嗯,他是沒見過爺爺奶奶啦,不過他問過了,其他小伙伴有,他也是有的,只是爺爺奶奶到天上去了,就好像季家哥哥一樣,他的奶奶也去天上了,只有爺爺在。
穆毛毛在小祠堂里又停留了許久,見氣氛靜謐,頓時化身為小話癆,把往日里所有的煩惱和快樂都傾訴出來,時不時自問自答。不知過了多久,他覺得困了,就打了個哈欠,不想再動彈,干脆就在蒲團上翻身睡下,不久就發出小小的呼嚕聲。
臨睡之前,他還說了一句,“祖宗們一定要答應我的請求啊,答應的話記得托夢給毛毛,我會給你們燒紙錢的。”
沉浸在香甜的夢中,穆毛毛沒有發現,他的身邊似乎真的出現兩道黑影,在凝視著他。
“你還不去投胎,留在這里做什么?”葉氏看著身邊依然年輕的穆懷恩,諷刺道,“難不成真的想入夢,嚇唬毛毛不成?”是的,在自殺后,她原先以為一了百了,很快就能到地府和穆懷恩相聚,萬萬沒想到,她的魂體會一直附身在自殺的這把剪刀上,里面竟然還住進了穆懷恩。
如果說剛開始是歡喜的,那隨著時間的流逝,葉氏的思維越來越清晰,眼看著自己的姑母兼婆母帶著自己的兒子一路艱難求生存,再回想章姨娘他們有準備、有計劃的逃走,她懊悔極了。
一路跟著走,不知從什么時候起,也許是看了逃難中的母親掙扎著為自己的孩子求得一線生機,也許是看到了易子而食的慘劇……她的想法發生了很大的變化,越來越后悔自己的輕生和草率,對于自己生前的做法也開始反思。
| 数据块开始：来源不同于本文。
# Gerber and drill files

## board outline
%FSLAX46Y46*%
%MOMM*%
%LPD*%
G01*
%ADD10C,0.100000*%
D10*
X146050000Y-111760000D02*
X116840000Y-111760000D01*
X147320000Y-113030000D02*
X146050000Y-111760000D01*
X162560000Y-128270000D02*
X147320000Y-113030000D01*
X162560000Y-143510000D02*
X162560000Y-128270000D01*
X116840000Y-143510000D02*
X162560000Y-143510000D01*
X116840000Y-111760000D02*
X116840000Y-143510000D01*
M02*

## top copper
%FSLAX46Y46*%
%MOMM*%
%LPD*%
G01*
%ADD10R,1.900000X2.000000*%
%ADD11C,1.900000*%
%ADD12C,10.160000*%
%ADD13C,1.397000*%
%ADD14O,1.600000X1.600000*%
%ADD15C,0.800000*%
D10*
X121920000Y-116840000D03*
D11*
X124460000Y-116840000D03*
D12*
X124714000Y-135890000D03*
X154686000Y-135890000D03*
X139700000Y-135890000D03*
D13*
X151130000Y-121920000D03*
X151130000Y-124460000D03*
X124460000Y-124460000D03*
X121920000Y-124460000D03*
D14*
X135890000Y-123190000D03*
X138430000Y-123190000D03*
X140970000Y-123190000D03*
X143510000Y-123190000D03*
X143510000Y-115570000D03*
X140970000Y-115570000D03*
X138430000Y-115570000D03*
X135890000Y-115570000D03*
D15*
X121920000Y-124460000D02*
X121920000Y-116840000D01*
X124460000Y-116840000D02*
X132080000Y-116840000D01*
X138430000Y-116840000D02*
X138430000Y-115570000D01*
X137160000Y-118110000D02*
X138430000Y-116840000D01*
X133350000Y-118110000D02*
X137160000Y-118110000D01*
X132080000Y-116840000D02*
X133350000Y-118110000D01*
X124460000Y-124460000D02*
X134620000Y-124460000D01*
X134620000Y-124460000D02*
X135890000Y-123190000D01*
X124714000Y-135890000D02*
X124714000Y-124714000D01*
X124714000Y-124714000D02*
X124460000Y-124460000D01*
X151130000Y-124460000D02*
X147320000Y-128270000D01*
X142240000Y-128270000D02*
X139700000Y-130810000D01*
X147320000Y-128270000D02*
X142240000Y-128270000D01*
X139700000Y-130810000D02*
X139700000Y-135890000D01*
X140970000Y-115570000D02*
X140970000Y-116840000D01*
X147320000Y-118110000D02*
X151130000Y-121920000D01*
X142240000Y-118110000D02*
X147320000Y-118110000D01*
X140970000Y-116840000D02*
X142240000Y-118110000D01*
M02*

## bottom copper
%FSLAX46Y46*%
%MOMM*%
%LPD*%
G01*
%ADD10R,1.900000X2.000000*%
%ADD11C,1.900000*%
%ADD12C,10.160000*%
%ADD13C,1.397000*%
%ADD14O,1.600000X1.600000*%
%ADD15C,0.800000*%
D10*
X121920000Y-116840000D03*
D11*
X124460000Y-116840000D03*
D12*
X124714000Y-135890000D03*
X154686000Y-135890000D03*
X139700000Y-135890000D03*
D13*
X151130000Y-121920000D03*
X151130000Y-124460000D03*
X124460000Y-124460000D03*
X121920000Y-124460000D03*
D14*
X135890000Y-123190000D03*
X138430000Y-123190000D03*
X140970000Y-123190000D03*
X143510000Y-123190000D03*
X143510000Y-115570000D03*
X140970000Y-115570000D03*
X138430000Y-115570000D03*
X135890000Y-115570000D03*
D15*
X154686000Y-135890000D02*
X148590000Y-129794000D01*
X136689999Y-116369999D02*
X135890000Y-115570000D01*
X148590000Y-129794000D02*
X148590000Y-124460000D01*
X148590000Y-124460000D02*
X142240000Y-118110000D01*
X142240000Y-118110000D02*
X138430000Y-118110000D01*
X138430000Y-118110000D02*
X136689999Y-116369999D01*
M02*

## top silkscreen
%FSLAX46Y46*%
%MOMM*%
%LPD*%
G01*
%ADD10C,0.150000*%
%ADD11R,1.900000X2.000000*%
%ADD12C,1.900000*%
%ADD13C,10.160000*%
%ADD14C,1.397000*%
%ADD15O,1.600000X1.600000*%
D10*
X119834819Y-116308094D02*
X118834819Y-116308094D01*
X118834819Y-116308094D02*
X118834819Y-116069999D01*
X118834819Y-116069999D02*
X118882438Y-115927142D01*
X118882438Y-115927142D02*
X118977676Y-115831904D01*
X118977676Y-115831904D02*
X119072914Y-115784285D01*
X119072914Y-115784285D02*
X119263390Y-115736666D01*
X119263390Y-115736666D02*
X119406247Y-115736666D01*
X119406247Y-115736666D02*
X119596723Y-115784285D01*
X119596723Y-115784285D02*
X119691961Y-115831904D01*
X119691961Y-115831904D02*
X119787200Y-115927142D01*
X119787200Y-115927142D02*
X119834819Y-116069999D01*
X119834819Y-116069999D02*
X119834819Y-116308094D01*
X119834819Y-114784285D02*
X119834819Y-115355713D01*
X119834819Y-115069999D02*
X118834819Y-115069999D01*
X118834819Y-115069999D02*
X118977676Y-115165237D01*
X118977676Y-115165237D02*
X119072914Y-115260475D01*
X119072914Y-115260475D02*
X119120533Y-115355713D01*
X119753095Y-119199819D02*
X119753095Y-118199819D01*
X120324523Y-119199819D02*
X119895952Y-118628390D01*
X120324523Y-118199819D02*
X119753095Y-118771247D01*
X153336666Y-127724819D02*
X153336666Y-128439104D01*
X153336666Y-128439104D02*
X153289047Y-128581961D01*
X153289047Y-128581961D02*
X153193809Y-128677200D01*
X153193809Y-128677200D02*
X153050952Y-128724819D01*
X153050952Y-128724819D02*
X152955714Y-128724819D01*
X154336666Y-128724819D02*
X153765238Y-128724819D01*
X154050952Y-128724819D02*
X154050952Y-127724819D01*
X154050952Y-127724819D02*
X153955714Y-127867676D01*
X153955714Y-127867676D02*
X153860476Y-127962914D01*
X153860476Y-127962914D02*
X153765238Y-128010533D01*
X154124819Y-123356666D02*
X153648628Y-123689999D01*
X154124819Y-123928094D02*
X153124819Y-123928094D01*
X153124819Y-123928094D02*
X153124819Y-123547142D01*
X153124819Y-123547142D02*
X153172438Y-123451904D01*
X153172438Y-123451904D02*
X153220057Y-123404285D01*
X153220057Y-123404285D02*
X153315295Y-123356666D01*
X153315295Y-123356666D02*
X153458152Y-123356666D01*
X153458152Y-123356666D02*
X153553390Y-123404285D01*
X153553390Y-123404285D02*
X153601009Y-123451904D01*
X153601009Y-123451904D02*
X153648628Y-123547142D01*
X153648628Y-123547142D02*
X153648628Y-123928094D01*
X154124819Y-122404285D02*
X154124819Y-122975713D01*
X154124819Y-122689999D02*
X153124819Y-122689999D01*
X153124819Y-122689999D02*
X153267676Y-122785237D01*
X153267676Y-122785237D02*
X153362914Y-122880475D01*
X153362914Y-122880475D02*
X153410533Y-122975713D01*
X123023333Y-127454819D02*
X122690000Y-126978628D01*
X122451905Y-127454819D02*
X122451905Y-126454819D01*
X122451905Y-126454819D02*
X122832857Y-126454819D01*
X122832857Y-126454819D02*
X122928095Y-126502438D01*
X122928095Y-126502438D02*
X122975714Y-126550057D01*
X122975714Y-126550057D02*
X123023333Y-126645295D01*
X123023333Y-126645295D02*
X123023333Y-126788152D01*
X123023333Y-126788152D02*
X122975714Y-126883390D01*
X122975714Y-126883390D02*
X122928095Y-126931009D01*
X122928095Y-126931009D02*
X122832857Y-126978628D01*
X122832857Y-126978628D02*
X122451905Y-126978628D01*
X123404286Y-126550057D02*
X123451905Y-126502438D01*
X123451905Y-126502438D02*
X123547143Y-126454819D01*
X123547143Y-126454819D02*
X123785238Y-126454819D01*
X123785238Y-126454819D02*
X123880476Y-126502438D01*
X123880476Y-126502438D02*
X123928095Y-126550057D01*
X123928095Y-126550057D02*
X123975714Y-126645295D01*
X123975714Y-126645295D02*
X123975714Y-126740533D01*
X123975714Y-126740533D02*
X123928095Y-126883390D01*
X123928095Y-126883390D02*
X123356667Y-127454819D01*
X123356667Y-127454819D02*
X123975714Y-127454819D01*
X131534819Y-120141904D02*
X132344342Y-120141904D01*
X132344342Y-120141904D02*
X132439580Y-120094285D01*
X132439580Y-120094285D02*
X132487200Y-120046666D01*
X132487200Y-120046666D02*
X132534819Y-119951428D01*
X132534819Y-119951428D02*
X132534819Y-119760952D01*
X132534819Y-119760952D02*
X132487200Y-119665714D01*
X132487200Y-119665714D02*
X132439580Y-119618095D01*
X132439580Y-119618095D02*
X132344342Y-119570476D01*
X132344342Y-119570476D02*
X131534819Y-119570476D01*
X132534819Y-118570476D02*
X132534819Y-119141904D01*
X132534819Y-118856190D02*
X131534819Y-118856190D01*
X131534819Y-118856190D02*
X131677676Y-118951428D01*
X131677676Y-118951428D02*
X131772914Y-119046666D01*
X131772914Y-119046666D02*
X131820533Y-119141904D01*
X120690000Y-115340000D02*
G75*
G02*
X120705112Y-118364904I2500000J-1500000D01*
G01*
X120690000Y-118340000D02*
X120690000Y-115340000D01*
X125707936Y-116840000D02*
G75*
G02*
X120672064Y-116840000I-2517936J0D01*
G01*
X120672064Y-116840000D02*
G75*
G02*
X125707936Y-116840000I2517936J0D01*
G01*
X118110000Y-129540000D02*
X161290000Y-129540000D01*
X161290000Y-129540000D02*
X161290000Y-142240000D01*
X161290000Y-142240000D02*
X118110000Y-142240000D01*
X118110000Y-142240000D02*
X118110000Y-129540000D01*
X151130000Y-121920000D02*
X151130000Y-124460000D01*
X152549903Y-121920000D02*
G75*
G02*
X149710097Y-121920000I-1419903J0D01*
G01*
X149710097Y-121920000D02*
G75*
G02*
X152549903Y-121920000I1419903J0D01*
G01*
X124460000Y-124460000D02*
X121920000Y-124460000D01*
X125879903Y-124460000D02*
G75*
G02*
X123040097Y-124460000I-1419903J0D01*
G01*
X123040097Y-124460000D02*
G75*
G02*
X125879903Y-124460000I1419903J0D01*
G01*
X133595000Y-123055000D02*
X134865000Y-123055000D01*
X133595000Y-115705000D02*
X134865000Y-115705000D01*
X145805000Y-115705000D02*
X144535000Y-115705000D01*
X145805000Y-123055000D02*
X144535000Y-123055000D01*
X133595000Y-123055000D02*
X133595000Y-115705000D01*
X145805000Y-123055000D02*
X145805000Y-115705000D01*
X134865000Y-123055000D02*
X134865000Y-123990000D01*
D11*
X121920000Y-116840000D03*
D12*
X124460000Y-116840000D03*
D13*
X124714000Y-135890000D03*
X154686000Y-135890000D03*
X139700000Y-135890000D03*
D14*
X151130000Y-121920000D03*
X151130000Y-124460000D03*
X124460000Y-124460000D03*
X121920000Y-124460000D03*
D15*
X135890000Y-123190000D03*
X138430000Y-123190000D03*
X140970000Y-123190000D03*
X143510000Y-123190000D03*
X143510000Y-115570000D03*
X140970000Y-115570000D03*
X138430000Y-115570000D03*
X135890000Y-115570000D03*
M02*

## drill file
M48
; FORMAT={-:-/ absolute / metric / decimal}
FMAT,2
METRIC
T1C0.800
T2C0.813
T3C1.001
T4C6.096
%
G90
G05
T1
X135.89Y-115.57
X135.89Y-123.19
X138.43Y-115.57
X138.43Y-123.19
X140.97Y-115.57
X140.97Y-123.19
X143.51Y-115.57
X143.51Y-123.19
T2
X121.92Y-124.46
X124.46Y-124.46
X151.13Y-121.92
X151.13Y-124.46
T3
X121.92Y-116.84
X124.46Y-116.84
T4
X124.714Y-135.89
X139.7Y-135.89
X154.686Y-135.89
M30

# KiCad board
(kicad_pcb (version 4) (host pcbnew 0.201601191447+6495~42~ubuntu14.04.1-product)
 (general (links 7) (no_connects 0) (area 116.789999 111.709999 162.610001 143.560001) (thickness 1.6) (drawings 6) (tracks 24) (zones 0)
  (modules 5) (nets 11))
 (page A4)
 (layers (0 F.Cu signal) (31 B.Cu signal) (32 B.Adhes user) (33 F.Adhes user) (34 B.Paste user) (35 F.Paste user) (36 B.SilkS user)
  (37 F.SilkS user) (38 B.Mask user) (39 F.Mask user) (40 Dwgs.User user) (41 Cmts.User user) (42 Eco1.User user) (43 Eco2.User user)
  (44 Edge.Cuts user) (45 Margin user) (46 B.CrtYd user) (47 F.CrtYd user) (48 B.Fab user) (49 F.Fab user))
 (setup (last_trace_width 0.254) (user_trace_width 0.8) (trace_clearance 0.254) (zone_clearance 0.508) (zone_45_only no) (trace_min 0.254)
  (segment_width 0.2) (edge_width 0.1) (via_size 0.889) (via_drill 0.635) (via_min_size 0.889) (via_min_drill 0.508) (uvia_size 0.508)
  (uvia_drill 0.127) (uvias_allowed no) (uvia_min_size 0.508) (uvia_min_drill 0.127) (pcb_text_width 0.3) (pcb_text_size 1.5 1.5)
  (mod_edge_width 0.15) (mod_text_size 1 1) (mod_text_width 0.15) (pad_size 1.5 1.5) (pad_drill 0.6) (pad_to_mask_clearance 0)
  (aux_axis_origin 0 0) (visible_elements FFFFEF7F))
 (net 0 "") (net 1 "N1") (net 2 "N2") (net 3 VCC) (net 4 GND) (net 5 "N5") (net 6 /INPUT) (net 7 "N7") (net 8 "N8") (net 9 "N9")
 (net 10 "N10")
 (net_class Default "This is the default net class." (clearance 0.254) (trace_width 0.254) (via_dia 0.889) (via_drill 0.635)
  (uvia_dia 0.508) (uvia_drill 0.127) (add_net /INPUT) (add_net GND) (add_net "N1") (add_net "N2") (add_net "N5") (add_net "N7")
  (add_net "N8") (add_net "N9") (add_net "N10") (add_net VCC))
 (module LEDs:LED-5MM (layer F.Cu) (at 121.92 116.84)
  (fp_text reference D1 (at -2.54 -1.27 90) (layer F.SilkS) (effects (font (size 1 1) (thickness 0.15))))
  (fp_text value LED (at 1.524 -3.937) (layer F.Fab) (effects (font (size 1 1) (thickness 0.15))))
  (fp_arc (start 1.27 0) (end -1.23 -1.5) (angle 297.5) (layer F.SilkS) (width 0.15))
  (fp_line (start -1.23 1.5) (end -1.23 -1.5) (layer F.SilkS) (width 0.15))
  (fp_circle (center 1.27 0) (end 0.97 -2.5) (layer F.SilkS) (width 0.15))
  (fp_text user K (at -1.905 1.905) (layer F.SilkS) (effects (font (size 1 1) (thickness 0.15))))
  (pad 1 thru_hole rect (at 0 0 90) (size 2 1.9) (drill 1.00076) (layers *.Cu *.Mask F.SilkS) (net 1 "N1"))
  (pad 2 thru_hole circle (at 2.54 0) (size 1.9 1.9) (drill 1.00076) (layers *.Cu *.Mask F.SilkS) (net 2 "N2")))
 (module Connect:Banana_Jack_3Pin (layer F.Cu) (at 139.7 135.89)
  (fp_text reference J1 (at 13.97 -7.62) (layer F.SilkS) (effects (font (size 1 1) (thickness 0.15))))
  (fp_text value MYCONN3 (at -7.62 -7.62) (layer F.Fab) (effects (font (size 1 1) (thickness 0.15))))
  (fp_line (start -21.59 -6.35) (end 21.59 -6.35) (layer F.SilkS) (width 0.15))
  (fp_line (start 21.59 -6.35) (end 21.59 6.35) (layer F.SilkS) (width 0.15))
  (fp_line (start 21.59 6.35) (end -21.59 6.35) (layer F.SilkS) (width 0.15))
  (fp_line (start -21.59 6.35) (end -21.59 -6.35) (layer F.SilkS) (width 0.15))
  (pad 1 thru_hole circle (at -14.986 0) (size 10.16 10.16) (drill 6.096) (layers *.Cu *.Mask F.SilkS) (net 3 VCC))
  (pad 3 thru_hole circle (at 14.986 0) (size 10.16 10.16) (drill 6.096) (layers *.Cu *.Mask F.SilkS) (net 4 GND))
  (pad 2 thru_hole circle (at 0 0) (size 10.16 10.16) (drill 6.096) (layers *.Cu *.Mask F.SilkS) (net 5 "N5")))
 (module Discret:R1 (layer F.Cu) (at 151.13 123.19 270)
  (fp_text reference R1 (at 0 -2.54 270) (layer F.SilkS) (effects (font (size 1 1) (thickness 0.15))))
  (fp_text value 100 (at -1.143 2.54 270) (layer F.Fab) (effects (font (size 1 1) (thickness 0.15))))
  (fp_line (start -1.27 0) (end 1.27 0) (layer F.SilkS) (width 0.15))
  (fp_circle (center -1.27 0) (end -0.635 1.27) (layer F.SilkS) (width 0.15))
  (pad 1 thru_hole circle (at -1.27 0 270) (size 1.397 1.397) (drill 0.8128) (layers *.Cu *.Mask F.SilkS) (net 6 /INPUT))
  (pad 2 thru_hole circle (at 1.27 0 270) (size 1.397 1.397) (drill 0.8128) (layers *.Cu *.Mask F.SilkS) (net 5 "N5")))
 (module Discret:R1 (layer F.Cu) (at 123.19 124.46 180)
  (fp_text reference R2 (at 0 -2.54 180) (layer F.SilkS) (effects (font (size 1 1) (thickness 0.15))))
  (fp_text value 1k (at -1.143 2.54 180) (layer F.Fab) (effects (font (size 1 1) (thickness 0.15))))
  (fp_line (start -1.27 0) (end 1.27 0) (layer F.SilkS) (width 0.15))
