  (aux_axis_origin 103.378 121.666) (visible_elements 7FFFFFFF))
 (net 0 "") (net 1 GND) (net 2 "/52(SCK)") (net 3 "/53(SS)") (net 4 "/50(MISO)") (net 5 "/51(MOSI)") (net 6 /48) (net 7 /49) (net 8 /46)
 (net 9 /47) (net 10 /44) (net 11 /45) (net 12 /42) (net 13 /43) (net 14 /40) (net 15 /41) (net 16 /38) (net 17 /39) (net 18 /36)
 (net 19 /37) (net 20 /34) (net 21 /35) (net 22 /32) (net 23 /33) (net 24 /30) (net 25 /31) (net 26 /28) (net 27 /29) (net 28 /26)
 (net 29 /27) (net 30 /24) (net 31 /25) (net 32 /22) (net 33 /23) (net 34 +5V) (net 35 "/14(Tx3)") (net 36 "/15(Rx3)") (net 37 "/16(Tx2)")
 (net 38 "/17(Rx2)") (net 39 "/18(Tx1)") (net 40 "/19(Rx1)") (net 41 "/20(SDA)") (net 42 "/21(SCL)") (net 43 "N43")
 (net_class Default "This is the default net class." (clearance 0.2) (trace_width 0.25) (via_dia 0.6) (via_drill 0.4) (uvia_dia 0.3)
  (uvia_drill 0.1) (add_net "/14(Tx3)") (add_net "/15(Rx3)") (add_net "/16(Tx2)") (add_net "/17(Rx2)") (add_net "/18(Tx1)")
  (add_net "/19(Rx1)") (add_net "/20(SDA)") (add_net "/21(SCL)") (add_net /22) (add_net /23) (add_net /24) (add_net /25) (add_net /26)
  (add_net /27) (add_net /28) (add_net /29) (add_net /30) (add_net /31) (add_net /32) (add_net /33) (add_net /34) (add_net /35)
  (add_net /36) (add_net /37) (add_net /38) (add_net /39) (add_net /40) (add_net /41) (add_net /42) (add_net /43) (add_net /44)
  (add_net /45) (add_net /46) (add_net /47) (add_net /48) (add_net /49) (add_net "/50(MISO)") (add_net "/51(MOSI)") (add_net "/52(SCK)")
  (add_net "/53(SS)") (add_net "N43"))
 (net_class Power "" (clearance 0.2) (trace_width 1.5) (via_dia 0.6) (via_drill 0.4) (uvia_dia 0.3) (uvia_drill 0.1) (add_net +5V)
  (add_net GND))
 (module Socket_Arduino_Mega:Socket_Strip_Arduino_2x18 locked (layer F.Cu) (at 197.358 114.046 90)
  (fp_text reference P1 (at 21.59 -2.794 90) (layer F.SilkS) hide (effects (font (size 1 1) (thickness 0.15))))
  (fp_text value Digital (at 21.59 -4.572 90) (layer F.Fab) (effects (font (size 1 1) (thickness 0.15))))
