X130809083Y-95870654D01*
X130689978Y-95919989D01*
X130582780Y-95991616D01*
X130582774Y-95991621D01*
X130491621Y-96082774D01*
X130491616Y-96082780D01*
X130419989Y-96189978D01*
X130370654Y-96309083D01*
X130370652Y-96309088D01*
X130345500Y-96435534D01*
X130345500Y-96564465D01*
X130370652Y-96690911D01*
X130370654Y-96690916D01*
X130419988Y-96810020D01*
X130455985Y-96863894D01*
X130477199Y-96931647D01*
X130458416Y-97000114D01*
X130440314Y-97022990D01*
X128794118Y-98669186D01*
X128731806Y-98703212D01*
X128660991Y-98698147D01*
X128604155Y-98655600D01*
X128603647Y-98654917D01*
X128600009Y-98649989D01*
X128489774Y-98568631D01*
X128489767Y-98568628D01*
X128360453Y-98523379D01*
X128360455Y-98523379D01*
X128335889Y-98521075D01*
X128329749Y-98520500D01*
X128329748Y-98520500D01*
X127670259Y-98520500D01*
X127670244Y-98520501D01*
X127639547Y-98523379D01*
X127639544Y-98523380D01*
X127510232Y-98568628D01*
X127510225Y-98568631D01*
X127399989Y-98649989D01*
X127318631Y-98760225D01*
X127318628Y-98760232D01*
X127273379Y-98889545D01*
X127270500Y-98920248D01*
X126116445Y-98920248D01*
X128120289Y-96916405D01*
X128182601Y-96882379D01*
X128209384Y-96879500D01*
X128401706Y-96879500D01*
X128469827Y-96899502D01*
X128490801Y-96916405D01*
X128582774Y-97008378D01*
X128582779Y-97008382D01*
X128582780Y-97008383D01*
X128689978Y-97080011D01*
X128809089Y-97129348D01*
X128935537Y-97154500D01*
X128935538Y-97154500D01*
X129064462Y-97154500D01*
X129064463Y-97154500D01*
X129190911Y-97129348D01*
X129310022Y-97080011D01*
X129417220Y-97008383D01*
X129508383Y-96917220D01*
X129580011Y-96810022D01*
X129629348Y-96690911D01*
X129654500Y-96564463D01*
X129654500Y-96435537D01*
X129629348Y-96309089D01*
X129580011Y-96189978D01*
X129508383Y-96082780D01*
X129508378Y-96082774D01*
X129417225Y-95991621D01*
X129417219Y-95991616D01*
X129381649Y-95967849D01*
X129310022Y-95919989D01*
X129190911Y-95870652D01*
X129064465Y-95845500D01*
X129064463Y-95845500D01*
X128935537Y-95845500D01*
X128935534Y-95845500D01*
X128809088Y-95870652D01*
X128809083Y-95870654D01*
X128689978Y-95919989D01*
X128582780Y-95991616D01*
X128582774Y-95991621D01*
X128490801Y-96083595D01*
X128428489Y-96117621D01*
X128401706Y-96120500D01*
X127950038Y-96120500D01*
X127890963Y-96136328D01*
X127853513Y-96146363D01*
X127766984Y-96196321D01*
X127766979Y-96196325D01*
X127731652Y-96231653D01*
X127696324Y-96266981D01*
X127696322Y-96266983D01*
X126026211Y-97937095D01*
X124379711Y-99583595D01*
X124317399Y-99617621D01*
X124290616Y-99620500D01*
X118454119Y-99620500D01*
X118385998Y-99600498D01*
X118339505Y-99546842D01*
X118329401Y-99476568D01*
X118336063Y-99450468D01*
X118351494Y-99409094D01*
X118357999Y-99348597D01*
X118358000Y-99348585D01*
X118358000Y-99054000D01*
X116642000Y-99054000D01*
于是,在羞愧后悔的同時,她對穆懷恩的態度也變了,開始變得冷嘲熱諷起來。
穆懷恩沒有理她,他早就習慣葉氏的嘲諷。有時候他甚至覺得,比起生前那個對他百依百順的葉氏,死后的葉氏反而更加鮮活。只是他知道,自從他臨死前安排好章姨娘他們逃跑的事發生后,雙方的矛盾就不可調解,除非葉氏是那種執迷不悟的蠢貨,能對此事釋懷。